[The task]
Exactly and only the lines from the one containing "X159895965Y-97899555D01*" through the close of the entries below are to be set down.

[Provided records]
BEGIN

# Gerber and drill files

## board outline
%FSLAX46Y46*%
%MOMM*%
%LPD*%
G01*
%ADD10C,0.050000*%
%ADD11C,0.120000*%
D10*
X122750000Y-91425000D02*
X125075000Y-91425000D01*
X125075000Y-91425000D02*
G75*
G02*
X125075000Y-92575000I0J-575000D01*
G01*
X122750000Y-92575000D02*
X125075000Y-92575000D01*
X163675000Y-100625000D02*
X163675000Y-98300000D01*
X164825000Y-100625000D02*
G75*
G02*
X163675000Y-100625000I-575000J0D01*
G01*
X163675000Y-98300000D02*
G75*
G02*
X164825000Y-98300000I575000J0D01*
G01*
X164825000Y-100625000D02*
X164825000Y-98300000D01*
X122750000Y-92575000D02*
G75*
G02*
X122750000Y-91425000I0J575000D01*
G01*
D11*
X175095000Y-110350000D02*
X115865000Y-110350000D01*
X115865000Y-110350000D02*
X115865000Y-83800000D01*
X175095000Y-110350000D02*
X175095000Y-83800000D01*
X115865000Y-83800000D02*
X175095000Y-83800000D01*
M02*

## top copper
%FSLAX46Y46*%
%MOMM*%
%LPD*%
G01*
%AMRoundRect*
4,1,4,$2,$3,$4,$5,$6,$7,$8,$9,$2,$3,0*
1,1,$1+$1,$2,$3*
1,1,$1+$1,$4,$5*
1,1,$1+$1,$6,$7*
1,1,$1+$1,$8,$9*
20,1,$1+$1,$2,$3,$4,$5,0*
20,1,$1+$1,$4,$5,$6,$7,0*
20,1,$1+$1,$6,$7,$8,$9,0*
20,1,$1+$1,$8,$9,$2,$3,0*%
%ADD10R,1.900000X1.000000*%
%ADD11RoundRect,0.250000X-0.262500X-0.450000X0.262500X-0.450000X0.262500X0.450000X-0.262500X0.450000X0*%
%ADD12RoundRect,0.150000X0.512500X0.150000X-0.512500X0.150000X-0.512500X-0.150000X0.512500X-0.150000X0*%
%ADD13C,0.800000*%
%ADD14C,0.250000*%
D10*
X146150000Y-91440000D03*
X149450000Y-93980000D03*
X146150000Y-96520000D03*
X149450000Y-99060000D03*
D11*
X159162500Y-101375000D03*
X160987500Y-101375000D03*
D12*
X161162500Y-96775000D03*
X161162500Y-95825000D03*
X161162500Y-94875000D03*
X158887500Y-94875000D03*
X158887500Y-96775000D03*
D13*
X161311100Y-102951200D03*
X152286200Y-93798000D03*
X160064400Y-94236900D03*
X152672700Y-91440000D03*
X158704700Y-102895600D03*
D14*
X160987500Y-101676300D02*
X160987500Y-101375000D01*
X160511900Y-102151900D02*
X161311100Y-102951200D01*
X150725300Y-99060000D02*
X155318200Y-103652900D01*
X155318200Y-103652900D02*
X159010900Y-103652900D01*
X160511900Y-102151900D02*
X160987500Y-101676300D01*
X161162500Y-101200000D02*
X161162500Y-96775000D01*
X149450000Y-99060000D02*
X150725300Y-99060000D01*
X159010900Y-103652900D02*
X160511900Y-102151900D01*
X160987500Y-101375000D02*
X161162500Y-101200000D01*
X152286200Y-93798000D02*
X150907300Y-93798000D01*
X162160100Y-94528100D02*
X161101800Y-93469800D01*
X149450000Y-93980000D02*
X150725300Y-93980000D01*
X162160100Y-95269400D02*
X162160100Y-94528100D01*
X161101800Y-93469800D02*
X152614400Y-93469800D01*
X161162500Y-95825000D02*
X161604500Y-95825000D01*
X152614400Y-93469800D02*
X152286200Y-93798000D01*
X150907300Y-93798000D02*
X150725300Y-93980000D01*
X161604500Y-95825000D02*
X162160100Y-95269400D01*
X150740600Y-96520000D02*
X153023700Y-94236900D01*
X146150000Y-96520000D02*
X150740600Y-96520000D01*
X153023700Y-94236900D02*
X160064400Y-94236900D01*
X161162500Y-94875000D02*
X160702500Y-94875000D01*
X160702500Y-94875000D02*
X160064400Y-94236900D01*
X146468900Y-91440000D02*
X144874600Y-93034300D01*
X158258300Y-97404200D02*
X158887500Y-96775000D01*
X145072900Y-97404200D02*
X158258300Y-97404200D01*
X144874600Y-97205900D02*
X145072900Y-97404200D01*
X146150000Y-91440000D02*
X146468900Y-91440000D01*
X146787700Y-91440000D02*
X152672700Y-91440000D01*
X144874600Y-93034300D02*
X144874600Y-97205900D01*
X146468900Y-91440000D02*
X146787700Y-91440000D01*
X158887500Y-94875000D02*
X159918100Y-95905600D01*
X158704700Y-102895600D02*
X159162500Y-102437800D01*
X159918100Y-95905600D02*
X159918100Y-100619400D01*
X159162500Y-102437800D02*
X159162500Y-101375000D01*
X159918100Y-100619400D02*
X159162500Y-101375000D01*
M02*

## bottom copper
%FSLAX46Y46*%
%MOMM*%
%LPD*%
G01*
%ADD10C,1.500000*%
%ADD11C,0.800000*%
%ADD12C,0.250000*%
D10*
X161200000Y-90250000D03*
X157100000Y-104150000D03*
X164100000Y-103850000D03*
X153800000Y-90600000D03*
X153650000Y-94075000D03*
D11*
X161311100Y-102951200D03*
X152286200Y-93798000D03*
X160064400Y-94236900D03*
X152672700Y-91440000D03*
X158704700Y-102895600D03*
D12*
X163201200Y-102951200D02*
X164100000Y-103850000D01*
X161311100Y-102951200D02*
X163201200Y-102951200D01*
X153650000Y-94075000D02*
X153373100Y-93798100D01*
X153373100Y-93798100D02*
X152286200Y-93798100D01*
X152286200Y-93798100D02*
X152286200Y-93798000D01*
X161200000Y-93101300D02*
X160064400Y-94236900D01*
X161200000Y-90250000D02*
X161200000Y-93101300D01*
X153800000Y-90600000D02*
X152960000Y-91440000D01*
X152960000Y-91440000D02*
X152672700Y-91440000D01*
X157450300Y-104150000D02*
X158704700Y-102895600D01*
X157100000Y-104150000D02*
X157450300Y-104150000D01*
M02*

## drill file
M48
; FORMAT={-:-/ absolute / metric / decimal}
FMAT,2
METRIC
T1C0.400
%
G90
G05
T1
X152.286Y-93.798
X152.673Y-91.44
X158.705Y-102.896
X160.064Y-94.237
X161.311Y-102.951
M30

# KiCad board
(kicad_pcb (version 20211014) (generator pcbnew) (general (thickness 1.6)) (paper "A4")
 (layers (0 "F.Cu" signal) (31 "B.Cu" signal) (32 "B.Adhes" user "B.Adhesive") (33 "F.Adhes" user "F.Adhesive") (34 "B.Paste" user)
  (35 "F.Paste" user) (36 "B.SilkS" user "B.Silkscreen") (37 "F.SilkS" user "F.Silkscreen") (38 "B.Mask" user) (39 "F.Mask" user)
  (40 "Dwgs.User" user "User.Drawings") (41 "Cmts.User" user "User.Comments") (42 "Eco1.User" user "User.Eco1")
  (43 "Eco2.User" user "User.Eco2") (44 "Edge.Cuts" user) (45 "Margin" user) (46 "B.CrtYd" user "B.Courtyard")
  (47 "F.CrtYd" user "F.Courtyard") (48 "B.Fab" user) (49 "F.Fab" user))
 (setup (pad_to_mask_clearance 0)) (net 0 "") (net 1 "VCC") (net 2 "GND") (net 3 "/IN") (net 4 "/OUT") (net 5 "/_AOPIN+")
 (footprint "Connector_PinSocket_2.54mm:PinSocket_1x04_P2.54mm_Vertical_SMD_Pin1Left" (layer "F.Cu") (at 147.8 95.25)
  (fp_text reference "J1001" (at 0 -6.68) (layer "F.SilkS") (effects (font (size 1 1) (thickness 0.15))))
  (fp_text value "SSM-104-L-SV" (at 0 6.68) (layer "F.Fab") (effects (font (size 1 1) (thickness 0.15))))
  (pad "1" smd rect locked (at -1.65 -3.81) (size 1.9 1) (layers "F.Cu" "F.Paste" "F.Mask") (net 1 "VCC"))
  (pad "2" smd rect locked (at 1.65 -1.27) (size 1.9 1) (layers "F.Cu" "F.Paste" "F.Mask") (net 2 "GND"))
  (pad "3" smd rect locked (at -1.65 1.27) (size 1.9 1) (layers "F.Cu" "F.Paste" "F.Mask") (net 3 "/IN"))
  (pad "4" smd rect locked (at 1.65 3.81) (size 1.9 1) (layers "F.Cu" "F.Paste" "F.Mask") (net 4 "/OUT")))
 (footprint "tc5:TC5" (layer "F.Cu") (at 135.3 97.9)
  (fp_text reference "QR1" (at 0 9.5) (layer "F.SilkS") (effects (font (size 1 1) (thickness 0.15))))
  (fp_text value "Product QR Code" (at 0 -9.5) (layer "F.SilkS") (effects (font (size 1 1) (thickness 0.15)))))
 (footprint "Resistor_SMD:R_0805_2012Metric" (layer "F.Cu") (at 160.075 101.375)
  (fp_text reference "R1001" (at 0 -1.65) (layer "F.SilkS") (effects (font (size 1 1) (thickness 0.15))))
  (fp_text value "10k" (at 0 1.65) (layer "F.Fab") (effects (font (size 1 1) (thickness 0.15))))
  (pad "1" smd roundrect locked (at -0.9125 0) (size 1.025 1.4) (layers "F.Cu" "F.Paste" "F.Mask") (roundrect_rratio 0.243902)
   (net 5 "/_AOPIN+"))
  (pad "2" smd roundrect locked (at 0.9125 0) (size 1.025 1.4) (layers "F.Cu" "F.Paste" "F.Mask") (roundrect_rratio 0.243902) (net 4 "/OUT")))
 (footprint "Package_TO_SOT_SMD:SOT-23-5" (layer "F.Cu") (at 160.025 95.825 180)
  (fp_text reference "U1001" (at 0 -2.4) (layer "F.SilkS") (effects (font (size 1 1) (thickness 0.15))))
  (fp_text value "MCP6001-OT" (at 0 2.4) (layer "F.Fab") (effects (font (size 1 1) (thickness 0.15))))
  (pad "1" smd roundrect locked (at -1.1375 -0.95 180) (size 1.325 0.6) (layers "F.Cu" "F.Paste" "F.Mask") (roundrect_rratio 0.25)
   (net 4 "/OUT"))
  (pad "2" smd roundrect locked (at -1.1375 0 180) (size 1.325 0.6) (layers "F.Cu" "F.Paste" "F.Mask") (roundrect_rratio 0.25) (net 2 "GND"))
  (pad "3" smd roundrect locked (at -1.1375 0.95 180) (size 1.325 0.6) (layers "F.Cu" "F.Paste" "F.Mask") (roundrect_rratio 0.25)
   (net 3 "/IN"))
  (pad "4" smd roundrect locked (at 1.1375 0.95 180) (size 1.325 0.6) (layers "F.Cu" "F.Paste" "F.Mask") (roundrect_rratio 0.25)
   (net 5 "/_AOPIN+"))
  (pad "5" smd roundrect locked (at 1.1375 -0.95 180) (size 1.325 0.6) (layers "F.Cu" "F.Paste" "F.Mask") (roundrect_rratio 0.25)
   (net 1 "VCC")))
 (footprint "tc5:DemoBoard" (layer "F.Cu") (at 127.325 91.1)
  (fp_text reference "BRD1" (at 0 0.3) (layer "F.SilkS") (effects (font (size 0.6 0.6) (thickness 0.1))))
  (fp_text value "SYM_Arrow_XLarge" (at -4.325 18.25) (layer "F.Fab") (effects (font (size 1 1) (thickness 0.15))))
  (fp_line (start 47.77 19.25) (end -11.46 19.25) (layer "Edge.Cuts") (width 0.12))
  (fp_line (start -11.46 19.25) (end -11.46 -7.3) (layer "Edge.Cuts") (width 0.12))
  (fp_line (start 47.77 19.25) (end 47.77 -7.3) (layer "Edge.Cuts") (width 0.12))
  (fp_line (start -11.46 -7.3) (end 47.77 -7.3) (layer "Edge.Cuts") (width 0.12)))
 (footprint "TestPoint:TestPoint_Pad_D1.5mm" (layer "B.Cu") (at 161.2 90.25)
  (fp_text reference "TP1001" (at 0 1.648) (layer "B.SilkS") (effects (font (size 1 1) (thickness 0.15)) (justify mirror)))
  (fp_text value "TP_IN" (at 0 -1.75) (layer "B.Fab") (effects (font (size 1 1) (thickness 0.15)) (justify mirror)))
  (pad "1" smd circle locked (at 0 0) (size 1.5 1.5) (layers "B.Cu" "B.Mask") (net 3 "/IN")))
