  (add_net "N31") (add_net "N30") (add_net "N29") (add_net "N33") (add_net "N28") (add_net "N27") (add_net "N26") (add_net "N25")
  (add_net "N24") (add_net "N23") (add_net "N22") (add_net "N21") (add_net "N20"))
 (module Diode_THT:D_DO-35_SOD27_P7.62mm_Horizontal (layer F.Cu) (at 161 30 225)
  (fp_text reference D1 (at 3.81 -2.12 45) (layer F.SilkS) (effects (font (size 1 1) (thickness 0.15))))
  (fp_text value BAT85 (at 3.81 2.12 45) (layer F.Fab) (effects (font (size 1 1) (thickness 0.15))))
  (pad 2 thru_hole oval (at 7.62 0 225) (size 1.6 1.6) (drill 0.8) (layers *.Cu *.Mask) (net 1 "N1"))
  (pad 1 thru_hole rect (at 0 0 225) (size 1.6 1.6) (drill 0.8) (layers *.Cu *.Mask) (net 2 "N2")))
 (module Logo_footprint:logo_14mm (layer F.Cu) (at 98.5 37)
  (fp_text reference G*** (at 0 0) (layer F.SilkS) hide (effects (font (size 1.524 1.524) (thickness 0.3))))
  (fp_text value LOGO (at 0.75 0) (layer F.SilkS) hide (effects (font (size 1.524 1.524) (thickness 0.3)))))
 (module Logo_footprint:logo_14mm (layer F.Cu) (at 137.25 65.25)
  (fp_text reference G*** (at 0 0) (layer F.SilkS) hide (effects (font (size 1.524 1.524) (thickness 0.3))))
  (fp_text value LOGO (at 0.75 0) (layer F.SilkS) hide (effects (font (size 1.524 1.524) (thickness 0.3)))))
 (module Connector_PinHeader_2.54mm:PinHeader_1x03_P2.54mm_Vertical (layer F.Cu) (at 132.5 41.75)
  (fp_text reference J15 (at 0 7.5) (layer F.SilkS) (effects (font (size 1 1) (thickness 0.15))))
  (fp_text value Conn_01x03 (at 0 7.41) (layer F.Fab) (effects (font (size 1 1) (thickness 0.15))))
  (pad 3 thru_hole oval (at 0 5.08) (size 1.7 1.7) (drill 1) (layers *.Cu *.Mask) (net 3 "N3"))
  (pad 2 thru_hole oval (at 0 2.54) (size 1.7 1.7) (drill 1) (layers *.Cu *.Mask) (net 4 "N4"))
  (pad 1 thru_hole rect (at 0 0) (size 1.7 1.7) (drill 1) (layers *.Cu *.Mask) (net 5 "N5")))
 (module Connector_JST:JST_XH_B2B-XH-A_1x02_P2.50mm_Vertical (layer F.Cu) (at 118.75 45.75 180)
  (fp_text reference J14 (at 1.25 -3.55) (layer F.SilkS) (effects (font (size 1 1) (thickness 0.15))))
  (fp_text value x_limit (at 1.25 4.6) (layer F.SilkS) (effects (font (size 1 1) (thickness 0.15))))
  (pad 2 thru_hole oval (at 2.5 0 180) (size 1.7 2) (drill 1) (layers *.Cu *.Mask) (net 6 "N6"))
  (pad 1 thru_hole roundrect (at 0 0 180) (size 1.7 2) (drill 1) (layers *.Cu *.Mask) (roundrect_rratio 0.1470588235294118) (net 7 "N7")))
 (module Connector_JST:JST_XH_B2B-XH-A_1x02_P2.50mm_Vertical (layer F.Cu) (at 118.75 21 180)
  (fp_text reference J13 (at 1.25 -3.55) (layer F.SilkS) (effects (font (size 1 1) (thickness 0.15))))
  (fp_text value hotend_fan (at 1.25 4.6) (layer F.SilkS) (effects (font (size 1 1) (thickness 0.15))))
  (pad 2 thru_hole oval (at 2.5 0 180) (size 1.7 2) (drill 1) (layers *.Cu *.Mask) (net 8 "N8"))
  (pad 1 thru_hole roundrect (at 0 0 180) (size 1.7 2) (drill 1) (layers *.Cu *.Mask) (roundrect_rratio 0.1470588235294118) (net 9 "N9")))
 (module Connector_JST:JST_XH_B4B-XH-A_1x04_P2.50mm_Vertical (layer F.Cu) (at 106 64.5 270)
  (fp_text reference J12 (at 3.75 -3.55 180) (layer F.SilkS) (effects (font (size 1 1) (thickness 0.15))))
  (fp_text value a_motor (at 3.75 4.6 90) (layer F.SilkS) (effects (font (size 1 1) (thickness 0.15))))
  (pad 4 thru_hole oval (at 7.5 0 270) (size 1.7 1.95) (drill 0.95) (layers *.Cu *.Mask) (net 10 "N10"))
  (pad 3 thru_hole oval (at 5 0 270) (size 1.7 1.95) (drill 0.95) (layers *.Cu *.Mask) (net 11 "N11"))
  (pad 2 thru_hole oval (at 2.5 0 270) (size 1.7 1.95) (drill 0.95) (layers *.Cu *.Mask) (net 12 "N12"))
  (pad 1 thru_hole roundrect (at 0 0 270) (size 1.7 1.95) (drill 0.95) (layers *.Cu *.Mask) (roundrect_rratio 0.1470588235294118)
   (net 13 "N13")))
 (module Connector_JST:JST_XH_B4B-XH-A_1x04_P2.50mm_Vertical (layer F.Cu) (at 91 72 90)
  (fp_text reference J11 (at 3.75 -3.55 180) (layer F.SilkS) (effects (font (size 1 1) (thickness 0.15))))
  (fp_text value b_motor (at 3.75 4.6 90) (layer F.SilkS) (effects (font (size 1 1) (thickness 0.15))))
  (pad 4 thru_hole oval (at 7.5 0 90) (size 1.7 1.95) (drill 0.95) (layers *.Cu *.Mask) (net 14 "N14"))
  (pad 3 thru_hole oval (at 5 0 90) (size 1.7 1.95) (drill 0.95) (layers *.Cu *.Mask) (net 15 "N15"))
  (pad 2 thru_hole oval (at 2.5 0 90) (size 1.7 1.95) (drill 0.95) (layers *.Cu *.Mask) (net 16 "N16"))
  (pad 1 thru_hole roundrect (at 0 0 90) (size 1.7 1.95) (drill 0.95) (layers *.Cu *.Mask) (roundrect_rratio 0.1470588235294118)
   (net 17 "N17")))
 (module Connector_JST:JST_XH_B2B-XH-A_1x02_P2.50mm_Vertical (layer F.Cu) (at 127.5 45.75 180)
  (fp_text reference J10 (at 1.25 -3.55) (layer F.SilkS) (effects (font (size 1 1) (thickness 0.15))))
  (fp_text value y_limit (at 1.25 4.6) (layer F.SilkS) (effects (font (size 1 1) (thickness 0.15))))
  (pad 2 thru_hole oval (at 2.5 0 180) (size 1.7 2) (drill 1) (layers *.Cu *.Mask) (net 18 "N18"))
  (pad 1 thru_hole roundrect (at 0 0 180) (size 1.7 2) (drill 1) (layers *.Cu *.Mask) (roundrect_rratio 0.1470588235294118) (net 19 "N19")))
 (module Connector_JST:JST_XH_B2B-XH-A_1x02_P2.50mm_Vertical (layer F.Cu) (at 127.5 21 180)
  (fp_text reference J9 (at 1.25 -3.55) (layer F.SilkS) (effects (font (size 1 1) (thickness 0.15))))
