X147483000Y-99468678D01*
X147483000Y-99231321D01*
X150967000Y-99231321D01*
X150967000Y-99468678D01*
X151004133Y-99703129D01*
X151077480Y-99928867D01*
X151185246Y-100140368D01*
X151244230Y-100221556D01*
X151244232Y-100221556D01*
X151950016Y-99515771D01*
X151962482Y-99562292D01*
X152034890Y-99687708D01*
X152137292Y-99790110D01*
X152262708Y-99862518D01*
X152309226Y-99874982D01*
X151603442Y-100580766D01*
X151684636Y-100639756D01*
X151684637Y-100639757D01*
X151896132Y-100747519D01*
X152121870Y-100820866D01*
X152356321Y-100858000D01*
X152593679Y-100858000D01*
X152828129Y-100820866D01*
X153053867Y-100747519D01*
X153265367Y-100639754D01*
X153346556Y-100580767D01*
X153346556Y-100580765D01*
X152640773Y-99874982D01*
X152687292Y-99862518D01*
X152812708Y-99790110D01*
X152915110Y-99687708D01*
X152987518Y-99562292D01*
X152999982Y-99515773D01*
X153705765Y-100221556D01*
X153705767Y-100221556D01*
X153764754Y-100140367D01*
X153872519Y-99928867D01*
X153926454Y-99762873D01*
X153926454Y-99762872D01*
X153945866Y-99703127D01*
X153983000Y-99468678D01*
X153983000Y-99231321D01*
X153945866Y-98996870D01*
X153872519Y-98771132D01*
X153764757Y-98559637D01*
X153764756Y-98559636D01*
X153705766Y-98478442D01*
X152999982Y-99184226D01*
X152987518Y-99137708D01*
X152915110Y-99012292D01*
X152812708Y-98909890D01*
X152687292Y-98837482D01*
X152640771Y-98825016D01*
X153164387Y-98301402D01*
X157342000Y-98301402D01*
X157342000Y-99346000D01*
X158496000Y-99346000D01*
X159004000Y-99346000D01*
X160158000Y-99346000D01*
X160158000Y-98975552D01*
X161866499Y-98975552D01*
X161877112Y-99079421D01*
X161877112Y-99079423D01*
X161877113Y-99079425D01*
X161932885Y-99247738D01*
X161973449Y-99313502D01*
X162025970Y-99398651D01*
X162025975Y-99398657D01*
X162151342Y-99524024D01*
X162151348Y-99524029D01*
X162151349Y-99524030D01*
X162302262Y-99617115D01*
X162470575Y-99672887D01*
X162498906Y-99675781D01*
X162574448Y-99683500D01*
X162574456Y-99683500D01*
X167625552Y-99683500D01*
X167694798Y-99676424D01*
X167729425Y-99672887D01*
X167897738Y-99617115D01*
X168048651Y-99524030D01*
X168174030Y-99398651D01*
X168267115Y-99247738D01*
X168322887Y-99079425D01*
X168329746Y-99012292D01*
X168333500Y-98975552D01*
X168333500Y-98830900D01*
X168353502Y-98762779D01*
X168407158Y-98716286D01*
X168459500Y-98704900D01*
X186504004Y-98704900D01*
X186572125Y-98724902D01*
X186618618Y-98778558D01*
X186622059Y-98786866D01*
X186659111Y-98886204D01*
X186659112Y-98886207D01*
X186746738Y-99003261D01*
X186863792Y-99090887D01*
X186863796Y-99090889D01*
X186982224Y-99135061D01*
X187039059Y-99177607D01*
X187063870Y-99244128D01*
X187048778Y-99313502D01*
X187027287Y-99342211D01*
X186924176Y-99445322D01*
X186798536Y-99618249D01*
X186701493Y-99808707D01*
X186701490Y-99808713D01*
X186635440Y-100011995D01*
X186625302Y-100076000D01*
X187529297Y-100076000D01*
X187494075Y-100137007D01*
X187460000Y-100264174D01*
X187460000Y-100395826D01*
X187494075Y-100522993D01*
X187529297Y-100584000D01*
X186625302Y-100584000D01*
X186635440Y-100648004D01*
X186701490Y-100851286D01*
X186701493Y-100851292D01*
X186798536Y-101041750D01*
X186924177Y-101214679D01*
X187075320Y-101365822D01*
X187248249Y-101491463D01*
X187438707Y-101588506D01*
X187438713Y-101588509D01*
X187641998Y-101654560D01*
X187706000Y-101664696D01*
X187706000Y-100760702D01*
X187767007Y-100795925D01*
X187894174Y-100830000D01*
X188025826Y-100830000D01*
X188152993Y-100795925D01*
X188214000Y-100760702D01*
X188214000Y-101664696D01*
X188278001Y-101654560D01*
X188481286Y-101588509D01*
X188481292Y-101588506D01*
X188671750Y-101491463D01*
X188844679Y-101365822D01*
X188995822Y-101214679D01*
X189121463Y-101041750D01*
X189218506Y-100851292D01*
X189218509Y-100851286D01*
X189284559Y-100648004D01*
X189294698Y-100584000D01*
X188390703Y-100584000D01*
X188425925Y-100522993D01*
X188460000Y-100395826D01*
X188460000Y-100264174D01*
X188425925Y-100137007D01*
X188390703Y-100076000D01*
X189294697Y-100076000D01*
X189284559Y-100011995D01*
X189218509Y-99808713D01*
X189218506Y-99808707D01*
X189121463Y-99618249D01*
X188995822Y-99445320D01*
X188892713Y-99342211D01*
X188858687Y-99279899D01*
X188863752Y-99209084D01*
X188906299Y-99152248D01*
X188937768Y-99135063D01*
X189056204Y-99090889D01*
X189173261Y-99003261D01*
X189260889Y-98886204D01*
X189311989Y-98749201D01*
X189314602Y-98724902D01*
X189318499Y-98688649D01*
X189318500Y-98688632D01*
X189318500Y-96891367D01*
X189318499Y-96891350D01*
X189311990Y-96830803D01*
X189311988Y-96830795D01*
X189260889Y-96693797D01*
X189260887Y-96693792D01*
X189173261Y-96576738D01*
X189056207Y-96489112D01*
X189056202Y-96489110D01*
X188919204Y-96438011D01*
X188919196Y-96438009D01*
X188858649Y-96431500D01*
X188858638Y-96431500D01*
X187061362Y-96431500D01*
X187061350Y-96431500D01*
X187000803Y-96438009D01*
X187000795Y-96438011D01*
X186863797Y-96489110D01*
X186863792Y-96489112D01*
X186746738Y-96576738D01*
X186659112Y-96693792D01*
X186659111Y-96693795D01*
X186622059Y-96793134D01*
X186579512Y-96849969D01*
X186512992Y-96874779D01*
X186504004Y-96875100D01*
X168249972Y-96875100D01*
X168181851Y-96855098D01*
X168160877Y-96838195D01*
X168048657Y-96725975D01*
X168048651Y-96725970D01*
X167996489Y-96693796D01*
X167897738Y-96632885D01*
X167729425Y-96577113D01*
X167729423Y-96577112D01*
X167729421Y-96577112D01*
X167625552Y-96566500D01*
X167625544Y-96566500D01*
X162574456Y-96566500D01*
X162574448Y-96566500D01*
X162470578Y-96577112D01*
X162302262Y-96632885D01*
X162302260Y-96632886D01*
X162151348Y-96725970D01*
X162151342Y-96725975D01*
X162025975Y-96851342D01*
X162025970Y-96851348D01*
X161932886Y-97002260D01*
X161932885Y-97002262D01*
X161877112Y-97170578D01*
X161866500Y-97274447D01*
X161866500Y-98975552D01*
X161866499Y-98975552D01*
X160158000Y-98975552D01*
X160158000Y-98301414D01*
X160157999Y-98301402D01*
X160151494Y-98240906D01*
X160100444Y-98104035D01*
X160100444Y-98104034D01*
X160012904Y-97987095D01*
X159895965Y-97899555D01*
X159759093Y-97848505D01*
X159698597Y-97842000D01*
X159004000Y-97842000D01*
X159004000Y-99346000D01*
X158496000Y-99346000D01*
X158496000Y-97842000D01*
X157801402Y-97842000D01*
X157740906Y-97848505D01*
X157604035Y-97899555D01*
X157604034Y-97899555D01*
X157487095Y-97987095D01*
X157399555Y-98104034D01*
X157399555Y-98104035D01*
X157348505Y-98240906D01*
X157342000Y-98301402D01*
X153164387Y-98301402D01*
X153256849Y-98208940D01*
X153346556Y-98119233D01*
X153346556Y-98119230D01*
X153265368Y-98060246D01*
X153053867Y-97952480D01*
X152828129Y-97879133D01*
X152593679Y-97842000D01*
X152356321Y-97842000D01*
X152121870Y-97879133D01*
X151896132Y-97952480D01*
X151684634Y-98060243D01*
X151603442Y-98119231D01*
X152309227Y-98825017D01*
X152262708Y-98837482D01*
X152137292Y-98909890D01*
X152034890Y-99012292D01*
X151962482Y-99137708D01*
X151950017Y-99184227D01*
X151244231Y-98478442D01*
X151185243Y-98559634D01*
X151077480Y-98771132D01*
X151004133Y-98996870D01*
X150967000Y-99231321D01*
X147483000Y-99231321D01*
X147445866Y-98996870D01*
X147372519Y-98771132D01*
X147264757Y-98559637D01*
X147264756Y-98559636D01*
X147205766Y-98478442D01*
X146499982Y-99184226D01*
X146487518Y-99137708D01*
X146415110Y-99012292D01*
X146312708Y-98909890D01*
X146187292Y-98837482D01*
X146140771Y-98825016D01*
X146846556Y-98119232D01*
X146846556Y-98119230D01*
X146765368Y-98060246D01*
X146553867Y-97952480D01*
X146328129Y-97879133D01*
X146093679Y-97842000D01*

END

[Written solution]
X159895965Y-97899555D01*
X159759093Y-97848505D01*
X159698597Y-97842000D01*
X159004000Y-97842000D01*
X159004000Y-99346000D01*
X158496000Y-99346000D01*
X158496000Y-97842000D01*
X157801402Y-97842000D01*
X157740906Y-97848505D01*
X157604035Y-97899555D01*
X157604034Y-97899555D01*
X157487095Y-97987095D01*
X157399555Y-98104034D01*
X157399555Y-98104035D01*
X157348505Y-98240906D01*
X157342000Y-98301402D01*
X153164387Y-98301402D01*
X153256849Y-98208940D01*
X153346556Y-98119233D01*
X153346556Y-98119230D01*
X153265368Y-98060246D01*
X153053867Y-97952480D01*
X152828129Y-97879133D01*
X152593679Y-97842000D01*
X152356321Y-97842000D01*
X152121870Y-97879133D01*
X151896132Y-97952480D01*
X151684634Y-98060243D01*
X151603442Y-98119231D01*
X152309227Y-98825017D01*
X152262708Y-98837482D01*
X152137292Y-98909890D01*
X152034890Y-99012292D01*
X151962482Y-99137708D01*
X151950017Y-99184227D01*
X151244231Y-98478442D01*
X151185243Y-98559634D01*
X151077480Y-98771132D01*
X151004133Y-98996870D01*
X150967000Y-99231321D01*
X147483000Y-99231321D01*
X147445866Y-98996870D01*
X147372519Y-98771132D01*
X147264757Y-98559637D01*
X147264756Y-98559636D01*
X147205766Y-98478442D01*
X146499982Y-99184226D01*
X146487518Y-99137708D01*
X146415110Y-99012292D01*
X146312708Y-98909890D01*
X146187292Y-98837482D01*
X146140771Y-98825016D01*
X146846556Y-98119232D01*
X146846556Y-98119230D01*
X146765368Y-98060246D01*
X146553867Y-97952480D01*
X146328129Y-97879133D01*
X146093679Y-97842000D01*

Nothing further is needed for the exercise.